I’m unlikely to forget. This was the occasion that I think of as the mermaid dress disaster.

I was fourteen, and the BBC were to film a Hunt Ball at the House. It was the kind of moment for which my father had lived, a homage to his home and his achievement. Cleaning and dusting reached an unprecedented level that week; a temporary butler was recruited on the strength of his impressive appearance when dressed ready for the cameras in my father’s second-best evening suit, and his skill at polishing silver. A big houseparty was invited; I was given special permission to come home from school.

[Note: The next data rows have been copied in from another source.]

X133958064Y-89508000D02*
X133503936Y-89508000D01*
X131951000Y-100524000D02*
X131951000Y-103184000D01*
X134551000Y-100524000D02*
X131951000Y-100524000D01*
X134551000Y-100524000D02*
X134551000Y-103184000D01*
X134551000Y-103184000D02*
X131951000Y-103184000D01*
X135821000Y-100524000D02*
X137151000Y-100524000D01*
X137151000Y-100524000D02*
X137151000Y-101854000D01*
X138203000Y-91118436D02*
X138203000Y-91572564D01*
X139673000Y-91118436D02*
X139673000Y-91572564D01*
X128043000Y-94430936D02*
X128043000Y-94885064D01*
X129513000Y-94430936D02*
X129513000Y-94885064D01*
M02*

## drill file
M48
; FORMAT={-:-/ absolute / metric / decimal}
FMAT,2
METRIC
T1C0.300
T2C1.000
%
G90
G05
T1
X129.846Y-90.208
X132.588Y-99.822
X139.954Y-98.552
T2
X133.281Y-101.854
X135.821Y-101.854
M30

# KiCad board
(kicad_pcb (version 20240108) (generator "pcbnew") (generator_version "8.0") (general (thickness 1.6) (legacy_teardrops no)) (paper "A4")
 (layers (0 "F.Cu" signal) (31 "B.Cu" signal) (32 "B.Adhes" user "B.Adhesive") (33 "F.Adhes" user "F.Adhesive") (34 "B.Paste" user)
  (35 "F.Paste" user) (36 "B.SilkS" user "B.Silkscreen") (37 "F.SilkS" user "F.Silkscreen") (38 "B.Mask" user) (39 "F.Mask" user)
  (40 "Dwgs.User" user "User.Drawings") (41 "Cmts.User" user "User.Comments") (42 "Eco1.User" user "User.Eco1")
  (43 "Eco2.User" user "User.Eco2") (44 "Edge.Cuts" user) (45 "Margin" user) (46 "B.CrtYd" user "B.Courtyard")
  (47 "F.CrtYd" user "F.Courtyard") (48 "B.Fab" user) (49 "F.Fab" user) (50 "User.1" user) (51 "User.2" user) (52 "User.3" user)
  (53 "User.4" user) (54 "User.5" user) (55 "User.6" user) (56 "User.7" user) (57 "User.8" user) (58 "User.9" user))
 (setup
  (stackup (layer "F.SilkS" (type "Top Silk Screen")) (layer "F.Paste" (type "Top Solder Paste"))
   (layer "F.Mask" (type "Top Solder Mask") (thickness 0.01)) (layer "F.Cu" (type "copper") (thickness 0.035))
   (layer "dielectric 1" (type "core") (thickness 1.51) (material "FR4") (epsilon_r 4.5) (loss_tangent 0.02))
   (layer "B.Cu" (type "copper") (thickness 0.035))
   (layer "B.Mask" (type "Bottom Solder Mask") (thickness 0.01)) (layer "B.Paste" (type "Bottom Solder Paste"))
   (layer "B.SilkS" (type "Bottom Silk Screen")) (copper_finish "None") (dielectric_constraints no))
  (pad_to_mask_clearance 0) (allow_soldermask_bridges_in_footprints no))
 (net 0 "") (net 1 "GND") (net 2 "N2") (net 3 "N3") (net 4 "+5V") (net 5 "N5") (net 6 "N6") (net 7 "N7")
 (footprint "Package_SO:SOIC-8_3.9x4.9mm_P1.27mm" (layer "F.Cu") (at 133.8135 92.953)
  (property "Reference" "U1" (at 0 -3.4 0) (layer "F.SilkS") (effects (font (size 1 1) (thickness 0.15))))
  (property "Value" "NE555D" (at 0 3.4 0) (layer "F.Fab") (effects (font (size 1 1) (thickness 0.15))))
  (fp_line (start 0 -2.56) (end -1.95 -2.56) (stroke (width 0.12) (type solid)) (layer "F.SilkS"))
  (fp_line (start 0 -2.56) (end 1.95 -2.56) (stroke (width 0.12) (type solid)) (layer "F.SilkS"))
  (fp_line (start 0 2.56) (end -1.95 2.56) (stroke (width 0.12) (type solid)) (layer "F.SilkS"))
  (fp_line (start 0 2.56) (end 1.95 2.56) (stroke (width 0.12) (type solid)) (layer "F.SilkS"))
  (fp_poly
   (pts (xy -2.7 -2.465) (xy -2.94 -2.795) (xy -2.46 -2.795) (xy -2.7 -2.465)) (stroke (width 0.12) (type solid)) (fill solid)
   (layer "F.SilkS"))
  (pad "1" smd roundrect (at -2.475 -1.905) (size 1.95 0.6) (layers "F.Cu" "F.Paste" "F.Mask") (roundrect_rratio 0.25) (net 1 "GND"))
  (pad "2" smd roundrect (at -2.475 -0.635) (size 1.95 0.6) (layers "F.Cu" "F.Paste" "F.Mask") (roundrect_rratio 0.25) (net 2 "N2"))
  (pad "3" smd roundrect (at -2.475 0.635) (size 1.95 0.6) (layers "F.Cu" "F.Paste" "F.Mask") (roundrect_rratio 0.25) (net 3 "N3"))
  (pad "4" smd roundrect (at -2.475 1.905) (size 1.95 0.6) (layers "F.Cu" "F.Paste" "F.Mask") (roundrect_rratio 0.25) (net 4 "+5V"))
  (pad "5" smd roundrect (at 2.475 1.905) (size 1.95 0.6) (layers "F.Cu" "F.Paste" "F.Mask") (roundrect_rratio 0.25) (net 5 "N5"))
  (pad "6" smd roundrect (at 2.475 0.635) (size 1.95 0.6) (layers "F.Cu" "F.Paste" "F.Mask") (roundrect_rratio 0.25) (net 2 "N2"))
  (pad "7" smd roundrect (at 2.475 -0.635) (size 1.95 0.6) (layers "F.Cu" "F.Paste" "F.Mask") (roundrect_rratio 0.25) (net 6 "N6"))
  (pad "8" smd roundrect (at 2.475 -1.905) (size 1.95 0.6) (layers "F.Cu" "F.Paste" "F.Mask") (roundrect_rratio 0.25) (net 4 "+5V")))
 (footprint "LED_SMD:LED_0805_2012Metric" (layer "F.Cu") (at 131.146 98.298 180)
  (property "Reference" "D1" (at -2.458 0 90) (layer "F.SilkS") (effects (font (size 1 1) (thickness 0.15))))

During the last week of the preceding holidays, I persuaded my mother that she should take my advice, not my father’s, about the dress in which she should appear at the Ball. Never having been allowed to buy anything more revolutionary than a khaki belt, I was wild with excitement at the prospect. This was to be the night on which, invisible for too long, she was at last going to shine. And so, reflected in her glory, would I, her daughter.

Walking through the hushed rooms of a London department store, we crossed acres of pale beige carpet to reach a section marked Evening Wear. An assistant appeared and was waved away: this was to be our own joint stab at independence.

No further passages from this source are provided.